Jedyna jaka to robi, to MSIE. Chodzi mi mianowicie o moment, gdzie piszecie post, zaznaczacie fragment tekstu i klikacie np. na wybór koloru, lub 'B'. Pod MSIE efekt jest taki, ze zaznaczony tekst zostaje opatrzony porządanymi tagami. A w Operze i Mozilli nic się nei dzieje:( 

A może czegoś nie ustawiłem ?

----------

## Xax

Uzywam przegladarki firefox 0.8 (w sumie to od wczoraj  :Wink:  ) i u mnie to, na co sie uskarzasz dziala bez problemow. Dodam jeszcze ze jest swiezo po instalacji bez zandnego konfigurowania (za wyjatkiem proxy bo u mnie bez tego ani rusz). Ta przegladarka przypadla mi do gustu i w pracy, mimo ze musze dzialac pod winzgroza to rowniez korzystam z firefoxa i jak narazie bardzo mi odpowiada.

P.S. Sprawdzilem jak z przegladarka Galeon. Rowniez sobie z tym radzi.   :Wink: 

----------

## misterLu

a te dwie 'dominujące' ktoś sprawdził i mi powie czy tylko u mnie to nie działa ?

z góry dzięki

----------

## pingus

 *Xax wrote:*   

> Uzywam przegladarki firefox 0.8 (w sumie to od wczoraj  ) i u mnie to, na co sie uskarzasz dziala bez problemow. Dodam jeszcze ze jest swiezo po instalacji bez zandnego konfigurowania (za wyjatkiem proxy bo u mnie bez tego ani rusz). Ta przegladarka przypadla mi do gustu i w pracy, mimo ze musze dzialac pod winzgroza to rowniez korzystam z firefoxa i jak narazie bardzo mi odpowiada.
> 
> P.S. Sprawdzilem jak z przegladarka Galeon. Rowniez sobie z tym radzi.  

 

Ja podobnie jak kolega. Firefox 0.8  :Smile: 

Pozdrawiam.

PS. Mój pierwszy post...  :Wink: 

----------

## cechor

Rowniez Firefox 0.8     :Very Happy: 

----------

## misterLu

to ja troche zbocze z tematu..

Napisałem podobny edytor do tego jaki jest na tym forum (wzorowałem sie na tym, co jest tu) i sęk w tym , ze  insertowanie tagów działa tylko w MSIE  :Sad:  Zadziwia mnie to powiem szczerze.

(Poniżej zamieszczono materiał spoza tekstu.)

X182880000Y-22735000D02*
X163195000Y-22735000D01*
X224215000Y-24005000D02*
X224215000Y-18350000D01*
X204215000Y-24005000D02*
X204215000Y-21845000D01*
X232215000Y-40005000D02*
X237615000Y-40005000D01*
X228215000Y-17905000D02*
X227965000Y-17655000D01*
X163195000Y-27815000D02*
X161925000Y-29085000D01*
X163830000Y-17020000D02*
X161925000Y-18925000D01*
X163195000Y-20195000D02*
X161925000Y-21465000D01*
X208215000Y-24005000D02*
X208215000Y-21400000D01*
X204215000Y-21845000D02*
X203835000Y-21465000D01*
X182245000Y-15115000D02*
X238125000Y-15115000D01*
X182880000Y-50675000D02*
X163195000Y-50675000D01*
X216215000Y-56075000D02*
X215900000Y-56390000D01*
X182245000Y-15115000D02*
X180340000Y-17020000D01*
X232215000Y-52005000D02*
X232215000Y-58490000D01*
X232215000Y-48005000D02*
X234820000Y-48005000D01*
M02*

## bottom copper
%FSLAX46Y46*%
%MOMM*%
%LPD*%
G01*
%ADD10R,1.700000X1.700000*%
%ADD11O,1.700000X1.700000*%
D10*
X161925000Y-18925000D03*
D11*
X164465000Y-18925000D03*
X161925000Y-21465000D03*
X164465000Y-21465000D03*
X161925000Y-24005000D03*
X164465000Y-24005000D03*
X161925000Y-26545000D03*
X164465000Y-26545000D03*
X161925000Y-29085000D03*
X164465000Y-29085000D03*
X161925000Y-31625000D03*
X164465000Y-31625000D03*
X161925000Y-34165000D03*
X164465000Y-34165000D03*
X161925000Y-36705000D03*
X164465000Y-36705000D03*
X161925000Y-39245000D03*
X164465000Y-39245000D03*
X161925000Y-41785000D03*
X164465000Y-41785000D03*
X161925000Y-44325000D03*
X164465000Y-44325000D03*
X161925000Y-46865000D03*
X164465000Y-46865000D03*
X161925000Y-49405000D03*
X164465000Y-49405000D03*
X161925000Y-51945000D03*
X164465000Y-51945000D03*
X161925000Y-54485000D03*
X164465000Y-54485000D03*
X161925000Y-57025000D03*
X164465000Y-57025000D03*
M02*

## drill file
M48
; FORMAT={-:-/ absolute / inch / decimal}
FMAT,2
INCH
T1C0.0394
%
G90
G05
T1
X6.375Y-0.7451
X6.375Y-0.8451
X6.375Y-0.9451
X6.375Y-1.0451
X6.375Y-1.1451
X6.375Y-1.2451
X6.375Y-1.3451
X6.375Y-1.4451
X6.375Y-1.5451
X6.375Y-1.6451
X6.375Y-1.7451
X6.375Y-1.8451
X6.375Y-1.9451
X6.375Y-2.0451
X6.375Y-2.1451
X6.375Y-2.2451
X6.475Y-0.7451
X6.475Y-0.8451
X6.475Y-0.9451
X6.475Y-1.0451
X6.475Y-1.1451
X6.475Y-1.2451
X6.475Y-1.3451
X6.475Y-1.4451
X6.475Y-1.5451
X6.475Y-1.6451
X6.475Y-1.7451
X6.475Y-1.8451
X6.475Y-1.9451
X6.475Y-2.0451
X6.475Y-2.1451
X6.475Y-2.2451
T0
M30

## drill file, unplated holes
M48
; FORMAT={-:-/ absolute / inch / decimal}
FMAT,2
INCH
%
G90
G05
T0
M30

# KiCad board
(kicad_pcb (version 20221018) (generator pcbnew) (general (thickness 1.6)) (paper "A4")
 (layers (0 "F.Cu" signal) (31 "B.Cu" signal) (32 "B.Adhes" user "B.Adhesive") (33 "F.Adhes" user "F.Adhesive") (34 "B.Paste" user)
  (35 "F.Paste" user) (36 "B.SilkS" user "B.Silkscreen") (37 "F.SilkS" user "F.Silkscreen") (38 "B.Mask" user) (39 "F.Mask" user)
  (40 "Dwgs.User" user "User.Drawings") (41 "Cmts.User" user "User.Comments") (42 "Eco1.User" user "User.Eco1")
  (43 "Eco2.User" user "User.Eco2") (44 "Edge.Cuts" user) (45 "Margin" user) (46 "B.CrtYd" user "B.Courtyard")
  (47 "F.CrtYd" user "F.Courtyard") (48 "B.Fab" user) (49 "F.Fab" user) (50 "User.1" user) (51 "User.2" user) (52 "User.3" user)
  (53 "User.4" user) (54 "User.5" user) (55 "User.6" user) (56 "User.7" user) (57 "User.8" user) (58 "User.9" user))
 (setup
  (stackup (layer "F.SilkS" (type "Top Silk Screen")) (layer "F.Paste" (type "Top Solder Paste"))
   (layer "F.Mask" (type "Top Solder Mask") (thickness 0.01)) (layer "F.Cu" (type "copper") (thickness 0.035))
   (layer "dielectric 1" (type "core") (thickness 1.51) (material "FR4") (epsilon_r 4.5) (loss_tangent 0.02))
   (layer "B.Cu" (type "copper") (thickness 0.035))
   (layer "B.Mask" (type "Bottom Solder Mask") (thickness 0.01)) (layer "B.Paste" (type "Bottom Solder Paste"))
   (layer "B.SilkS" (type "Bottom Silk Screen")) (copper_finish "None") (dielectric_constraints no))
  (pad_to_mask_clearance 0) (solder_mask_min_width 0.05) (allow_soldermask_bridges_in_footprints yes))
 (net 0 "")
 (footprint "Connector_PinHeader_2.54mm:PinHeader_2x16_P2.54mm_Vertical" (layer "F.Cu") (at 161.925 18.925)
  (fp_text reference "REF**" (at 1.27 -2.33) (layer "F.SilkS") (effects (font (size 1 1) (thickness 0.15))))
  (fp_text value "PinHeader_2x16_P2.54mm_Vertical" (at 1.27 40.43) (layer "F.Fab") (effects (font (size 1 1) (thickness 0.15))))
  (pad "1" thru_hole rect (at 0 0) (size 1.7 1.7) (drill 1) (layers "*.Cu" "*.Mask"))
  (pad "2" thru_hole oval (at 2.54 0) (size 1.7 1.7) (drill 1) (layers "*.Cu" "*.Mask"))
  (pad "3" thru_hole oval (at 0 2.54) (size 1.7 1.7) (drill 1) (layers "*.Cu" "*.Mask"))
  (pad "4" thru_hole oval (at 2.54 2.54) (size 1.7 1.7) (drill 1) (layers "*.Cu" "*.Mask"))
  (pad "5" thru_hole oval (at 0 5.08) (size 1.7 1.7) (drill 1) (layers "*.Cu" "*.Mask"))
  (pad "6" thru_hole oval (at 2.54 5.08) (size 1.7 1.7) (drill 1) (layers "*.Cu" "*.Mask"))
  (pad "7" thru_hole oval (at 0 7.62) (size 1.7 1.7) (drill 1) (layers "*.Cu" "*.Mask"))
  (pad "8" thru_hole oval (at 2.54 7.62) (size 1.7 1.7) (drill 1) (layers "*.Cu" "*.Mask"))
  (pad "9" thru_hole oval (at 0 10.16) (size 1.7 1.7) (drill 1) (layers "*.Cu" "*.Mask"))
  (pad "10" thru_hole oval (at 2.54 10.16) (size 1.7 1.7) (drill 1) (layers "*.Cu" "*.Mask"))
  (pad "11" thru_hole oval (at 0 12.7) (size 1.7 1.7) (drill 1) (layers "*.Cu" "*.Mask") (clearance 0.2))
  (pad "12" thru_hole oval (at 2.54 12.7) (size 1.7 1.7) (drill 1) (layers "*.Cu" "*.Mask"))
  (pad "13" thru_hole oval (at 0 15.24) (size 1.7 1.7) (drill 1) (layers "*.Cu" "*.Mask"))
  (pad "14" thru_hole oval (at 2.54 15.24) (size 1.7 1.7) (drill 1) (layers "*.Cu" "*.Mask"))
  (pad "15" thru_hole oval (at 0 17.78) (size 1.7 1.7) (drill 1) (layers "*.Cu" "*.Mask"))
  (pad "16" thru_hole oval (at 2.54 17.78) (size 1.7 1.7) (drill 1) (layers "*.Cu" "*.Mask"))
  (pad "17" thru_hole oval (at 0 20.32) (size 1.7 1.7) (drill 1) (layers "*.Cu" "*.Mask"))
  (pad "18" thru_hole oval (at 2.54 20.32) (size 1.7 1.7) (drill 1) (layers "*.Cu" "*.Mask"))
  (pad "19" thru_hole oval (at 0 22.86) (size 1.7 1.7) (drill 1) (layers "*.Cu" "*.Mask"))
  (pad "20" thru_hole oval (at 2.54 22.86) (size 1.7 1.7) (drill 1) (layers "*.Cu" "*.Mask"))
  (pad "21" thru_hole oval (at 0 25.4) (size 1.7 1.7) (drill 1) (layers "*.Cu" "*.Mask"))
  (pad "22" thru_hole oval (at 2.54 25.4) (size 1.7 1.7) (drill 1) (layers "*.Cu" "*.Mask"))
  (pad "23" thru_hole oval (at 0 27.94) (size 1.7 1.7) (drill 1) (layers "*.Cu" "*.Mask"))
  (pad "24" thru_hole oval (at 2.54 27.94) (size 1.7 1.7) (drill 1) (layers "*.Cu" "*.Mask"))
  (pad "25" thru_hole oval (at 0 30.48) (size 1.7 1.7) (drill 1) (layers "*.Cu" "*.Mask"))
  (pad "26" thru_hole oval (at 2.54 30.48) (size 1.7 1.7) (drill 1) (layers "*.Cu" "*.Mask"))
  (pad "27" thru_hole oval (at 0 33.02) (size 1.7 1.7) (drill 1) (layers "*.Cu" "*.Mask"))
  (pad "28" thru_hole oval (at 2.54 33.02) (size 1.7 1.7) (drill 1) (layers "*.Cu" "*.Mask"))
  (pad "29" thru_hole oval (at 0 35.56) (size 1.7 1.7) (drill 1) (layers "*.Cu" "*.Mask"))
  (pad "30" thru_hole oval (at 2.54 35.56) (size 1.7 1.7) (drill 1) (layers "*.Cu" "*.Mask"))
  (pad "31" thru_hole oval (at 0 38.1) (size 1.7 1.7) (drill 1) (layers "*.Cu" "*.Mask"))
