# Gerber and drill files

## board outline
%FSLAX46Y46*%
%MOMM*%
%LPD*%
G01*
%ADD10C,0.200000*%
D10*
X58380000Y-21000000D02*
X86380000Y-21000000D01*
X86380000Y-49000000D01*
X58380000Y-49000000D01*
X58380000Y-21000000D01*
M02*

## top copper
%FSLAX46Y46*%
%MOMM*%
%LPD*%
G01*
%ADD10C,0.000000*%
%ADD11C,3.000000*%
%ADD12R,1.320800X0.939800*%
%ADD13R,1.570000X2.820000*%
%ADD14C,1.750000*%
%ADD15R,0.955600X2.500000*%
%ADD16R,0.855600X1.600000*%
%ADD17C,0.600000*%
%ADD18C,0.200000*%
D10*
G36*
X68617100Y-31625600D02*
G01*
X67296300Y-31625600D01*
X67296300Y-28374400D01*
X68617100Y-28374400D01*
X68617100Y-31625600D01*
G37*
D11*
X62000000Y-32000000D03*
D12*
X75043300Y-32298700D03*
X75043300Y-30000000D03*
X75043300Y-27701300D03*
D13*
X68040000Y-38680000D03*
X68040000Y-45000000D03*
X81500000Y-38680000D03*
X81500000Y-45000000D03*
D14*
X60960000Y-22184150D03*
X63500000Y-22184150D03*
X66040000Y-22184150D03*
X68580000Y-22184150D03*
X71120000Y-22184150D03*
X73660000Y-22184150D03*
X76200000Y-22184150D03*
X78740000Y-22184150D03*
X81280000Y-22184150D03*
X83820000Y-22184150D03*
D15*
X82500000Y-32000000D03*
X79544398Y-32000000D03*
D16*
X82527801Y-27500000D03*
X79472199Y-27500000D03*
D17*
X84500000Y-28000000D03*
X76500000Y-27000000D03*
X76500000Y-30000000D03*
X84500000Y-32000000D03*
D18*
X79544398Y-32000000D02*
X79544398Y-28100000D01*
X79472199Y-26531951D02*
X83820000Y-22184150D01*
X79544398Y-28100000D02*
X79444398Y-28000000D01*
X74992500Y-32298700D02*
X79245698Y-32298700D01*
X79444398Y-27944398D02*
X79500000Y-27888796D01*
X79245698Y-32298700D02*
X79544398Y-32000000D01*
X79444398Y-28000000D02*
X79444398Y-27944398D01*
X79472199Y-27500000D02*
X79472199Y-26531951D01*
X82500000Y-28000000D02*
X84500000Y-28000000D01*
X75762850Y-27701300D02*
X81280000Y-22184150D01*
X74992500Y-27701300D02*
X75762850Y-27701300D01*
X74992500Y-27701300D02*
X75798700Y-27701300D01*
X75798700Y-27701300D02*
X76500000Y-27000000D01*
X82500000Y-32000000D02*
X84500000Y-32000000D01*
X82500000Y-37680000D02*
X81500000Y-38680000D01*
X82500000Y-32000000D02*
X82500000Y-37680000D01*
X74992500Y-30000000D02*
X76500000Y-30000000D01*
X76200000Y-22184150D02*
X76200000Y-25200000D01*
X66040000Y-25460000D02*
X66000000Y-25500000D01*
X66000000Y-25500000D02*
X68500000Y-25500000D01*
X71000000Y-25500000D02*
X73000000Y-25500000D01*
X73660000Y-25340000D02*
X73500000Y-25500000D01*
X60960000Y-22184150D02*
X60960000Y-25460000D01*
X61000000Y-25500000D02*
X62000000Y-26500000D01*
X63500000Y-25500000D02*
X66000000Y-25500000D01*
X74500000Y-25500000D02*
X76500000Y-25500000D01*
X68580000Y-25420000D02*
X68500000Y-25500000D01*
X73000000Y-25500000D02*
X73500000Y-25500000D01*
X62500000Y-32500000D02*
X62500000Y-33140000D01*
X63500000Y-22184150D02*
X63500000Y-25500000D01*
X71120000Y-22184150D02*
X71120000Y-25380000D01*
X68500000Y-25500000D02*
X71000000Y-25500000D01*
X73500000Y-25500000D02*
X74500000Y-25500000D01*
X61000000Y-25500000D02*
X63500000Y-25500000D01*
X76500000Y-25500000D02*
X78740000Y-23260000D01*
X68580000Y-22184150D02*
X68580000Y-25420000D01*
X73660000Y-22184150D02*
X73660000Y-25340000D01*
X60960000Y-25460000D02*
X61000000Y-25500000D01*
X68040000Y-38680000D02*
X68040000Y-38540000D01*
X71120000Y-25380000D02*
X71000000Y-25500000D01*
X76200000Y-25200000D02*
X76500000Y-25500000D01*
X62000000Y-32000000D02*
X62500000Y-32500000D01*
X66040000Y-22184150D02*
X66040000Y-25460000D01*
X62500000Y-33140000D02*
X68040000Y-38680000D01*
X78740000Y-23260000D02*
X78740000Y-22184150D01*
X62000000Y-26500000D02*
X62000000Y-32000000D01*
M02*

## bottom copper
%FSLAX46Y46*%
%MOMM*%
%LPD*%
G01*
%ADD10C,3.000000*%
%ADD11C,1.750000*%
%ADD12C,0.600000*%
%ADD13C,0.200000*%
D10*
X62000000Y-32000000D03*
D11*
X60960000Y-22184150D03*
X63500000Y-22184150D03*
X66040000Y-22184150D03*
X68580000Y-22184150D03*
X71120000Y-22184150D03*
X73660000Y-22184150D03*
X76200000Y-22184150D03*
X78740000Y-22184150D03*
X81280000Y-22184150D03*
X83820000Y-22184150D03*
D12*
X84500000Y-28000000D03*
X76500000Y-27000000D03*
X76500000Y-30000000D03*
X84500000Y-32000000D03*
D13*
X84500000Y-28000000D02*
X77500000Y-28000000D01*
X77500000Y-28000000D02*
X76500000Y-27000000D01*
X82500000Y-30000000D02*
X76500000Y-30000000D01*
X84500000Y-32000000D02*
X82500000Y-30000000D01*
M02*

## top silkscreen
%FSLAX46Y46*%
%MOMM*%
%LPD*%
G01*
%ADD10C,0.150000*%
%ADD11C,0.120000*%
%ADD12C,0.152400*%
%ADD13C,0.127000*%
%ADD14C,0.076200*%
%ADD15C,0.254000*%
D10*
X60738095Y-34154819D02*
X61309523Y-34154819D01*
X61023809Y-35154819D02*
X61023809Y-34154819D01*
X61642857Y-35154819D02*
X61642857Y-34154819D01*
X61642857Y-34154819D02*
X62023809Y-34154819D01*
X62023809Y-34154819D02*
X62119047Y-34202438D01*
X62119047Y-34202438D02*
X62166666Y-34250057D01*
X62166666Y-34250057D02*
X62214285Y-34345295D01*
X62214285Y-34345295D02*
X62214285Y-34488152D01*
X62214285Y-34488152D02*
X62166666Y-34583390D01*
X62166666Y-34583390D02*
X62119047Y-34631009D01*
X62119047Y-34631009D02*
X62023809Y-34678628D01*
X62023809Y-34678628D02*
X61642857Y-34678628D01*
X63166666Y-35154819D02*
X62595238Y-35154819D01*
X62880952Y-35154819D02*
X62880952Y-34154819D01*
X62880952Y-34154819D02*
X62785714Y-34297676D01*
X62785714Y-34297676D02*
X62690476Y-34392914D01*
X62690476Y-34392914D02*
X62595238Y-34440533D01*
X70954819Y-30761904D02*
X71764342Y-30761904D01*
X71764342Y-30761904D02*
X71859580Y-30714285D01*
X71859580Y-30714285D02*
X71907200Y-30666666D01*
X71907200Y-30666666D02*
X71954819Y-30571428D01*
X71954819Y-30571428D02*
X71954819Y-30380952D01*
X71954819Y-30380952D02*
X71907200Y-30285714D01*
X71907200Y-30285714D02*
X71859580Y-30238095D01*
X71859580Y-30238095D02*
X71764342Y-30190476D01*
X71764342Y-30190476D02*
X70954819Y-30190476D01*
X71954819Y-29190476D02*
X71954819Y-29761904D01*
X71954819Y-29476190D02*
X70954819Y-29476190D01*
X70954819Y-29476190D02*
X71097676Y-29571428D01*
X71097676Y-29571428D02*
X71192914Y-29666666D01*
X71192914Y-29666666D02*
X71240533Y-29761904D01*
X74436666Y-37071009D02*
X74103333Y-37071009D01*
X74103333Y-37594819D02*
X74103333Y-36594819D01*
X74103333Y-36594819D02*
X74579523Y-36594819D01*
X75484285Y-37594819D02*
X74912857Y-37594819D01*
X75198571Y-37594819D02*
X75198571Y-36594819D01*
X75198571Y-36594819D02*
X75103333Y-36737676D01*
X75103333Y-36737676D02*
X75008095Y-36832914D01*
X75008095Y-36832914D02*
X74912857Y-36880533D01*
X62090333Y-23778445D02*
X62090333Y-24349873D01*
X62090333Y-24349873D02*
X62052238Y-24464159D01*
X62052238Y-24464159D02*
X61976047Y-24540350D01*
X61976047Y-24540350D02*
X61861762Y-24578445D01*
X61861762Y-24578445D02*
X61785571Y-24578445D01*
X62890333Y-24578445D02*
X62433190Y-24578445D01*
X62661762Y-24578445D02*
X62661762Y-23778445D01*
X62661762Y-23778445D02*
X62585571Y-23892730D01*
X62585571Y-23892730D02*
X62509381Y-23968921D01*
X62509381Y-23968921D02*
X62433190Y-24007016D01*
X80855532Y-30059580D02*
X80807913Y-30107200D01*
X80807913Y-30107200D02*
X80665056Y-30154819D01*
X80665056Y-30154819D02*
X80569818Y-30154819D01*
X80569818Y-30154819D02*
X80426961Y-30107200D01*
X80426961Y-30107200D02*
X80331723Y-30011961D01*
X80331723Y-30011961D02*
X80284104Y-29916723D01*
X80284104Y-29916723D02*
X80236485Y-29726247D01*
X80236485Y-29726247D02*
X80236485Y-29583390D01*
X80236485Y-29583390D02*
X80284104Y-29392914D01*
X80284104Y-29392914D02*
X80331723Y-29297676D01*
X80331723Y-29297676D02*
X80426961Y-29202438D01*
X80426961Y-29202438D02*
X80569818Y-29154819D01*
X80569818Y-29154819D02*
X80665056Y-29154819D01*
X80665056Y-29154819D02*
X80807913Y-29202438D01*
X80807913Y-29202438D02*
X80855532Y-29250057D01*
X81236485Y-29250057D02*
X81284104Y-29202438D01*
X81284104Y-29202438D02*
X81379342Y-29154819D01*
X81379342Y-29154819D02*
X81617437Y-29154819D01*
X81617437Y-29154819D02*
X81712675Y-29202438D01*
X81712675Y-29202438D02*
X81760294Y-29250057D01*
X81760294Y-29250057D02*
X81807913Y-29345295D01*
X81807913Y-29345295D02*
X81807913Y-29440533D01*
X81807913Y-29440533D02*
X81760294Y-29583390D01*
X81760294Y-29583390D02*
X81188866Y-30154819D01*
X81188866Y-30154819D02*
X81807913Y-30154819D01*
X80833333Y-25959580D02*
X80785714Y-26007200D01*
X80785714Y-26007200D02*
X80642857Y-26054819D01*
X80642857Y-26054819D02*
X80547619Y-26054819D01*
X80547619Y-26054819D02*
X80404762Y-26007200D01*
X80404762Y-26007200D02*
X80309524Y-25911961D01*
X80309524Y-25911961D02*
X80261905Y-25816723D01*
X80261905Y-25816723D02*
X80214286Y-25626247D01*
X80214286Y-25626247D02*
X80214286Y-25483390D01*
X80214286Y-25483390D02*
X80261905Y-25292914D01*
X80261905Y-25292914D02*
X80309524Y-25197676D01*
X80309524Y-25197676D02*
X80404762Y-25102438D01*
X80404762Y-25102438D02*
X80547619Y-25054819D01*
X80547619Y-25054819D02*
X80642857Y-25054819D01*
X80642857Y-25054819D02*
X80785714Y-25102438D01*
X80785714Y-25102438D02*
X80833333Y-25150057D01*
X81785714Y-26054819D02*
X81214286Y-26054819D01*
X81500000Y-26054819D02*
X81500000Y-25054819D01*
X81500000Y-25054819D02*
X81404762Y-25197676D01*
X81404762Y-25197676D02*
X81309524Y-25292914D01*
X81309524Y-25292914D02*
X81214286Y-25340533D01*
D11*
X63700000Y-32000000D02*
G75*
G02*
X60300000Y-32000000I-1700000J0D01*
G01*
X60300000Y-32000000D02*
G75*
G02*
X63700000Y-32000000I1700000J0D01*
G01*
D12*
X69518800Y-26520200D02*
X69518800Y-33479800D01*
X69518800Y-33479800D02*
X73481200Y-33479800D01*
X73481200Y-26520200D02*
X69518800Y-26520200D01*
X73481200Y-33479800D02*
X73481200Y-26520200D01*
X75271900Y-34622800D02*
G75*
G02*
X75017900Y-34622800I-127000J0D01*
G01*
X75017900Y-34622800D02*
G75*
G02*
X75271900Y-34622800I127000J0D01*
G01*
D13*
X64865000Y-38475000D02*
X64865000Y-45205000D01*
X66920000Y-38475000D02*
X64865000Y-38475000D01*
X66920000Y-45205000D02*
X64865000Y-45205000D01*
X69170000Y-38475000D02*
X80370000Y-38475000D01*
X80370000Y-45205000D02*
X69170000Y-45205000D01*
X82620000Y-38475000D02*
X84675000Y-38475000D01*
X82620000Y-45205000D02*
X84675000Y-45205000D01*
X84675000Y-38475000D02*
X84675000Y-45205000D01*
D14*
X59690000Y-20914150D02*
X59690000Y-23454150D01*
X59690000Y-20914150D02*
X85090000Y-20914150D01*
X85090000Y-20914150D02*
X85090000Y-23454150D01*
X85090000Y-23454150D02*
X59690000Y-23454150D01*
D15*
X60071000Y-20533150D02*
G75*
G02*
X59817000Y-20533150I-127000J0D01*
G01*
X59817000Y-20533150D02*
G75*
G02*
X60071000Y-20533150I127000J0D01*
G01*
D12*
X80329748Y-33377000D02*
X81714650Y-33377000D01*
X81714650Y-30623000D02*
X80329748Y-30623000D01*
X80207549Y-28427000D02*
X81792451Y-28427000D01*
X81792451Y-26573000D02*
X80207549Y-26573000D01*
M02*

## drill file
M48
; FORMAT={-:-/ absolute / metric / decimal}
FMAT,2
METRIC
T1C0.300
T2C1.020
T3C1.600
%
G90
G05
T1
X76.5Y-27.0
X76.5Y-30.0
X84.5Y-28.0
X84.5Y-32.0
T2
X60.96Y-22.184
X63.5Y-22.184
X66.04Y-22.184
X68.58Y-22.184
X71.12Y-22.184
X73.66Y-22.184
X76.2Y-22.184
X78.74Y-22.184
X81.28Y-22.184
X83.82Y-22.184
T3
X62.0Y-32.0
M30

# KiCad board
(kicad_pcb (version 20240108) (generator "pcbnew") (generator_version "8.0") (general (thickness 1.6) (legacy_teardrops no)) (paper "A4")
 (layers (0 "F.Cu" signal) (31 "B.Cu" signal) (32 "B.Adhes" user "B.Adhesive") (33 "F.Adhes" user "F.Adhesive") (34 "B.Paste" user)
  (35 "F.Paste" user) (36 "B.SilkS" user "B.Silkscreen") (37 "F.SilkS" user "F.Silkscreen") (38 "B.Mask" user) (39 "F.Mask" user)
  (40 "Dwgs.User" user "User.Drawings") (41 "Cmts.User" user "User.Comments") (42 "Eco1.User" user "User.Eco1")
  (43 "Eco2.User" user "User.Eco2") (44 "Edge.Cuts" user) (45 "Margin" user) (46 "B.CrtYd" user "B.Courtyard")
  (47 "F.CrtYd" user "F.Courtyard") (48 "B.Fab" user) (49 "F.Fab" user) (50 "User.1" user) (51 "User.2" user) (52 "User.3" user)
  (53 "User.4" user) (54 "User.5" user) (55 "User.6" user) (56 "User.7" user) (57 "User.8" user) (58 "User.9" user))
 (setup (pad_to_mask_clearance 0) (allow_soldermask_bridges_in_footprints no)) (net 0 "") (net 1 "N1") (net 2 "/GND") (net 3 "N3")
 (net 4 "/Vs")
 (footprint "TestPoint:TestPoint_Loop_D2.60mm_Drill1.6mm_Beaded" (layer "F.Cu") (at 62 32)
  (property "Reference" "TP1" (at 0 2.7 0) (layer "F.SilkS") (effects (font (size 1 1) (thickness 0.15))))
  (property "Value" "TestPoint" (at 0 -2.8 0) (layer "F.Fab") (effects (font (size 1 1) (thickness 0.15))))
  (fp_circle (center 0 0) (end 1.7 0) (stroke (width 0.12) (type solid)) (fill none) (layer "F.SilkS"))
  (pad "1" thru_hole circle (at 0 0) (size 3 3) (drill 1.6) (layers "*.Cu" "*.Mask") (remove_unused_layers no) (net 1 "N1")))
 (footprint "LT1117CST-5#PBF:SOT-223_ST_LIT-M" (layer "F.Cu") (at 71.5 30 90)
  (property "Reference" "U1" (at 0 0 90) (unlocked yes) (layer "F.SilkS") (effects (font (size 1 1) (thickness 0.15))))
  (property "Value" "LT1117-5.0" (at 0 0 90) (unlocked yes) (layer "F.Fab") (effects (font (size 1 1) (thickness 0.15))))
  (fp_poly
   (pts (xy 1.6256 -4.2037) (xy -1.6256 -4.2037) (xy -1.6256 -2.8829) (xy 1.6256 -2.8829)) (stroke (width 0) (type solid)) (fill solid)
   (layer "F.Cu"))
  (fp_line (start 3.4798 -1.9812) (end -3.4798 -1.9812) (stroke (width 0.1524) (type solid)) (layer "F.SilkS"))
  (fp_line (start -3.4798 -1.9812) (end -3.4798 1.9812) (stroke (width 0.1524) (type solid)) (layer "F.SilkS"))
  (fp_line (start 3.4798 1.9812) (end 3.4798 -1.9812) (stroke (width 0.1524) (type solid)) (layer "F.SilkS"))
  (fp_line (start -3.4798 1.9812) (end 3.4798 1.9812) (stroke (width 0.1524) (type solid)) (layer "F.SilkS"))
  (fp_circle (center -4.6228 3.6449) (end -4.4958 3.6449) (stroke (width 0.1524) (type solid)) (fill none) (layer "F.SilkS"))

Ktoś się zna może na JScript i jej uzależnieniu od przeglądarek ??

----------

## Xax

Jak zapewne wiesz (a moze nie) MSIE ma swojego JScript natomiast przegladarki takie jak mozilla, firefox, netscape navigator (nie wiem jak opera) korzystaja z JavaScript.

Te dwa jezyki choc praktycznie takie same maja pare dosyc istotnych roznic (np msie nie wie co to layer), ktore sprawiaja, ze niektore rozwiazania trzeba pisac osobno dla msie i osobno dla pozostalych przegladarek, a to ktory skrypt sie wykonuje uzaleznic trzeba od przegladarki.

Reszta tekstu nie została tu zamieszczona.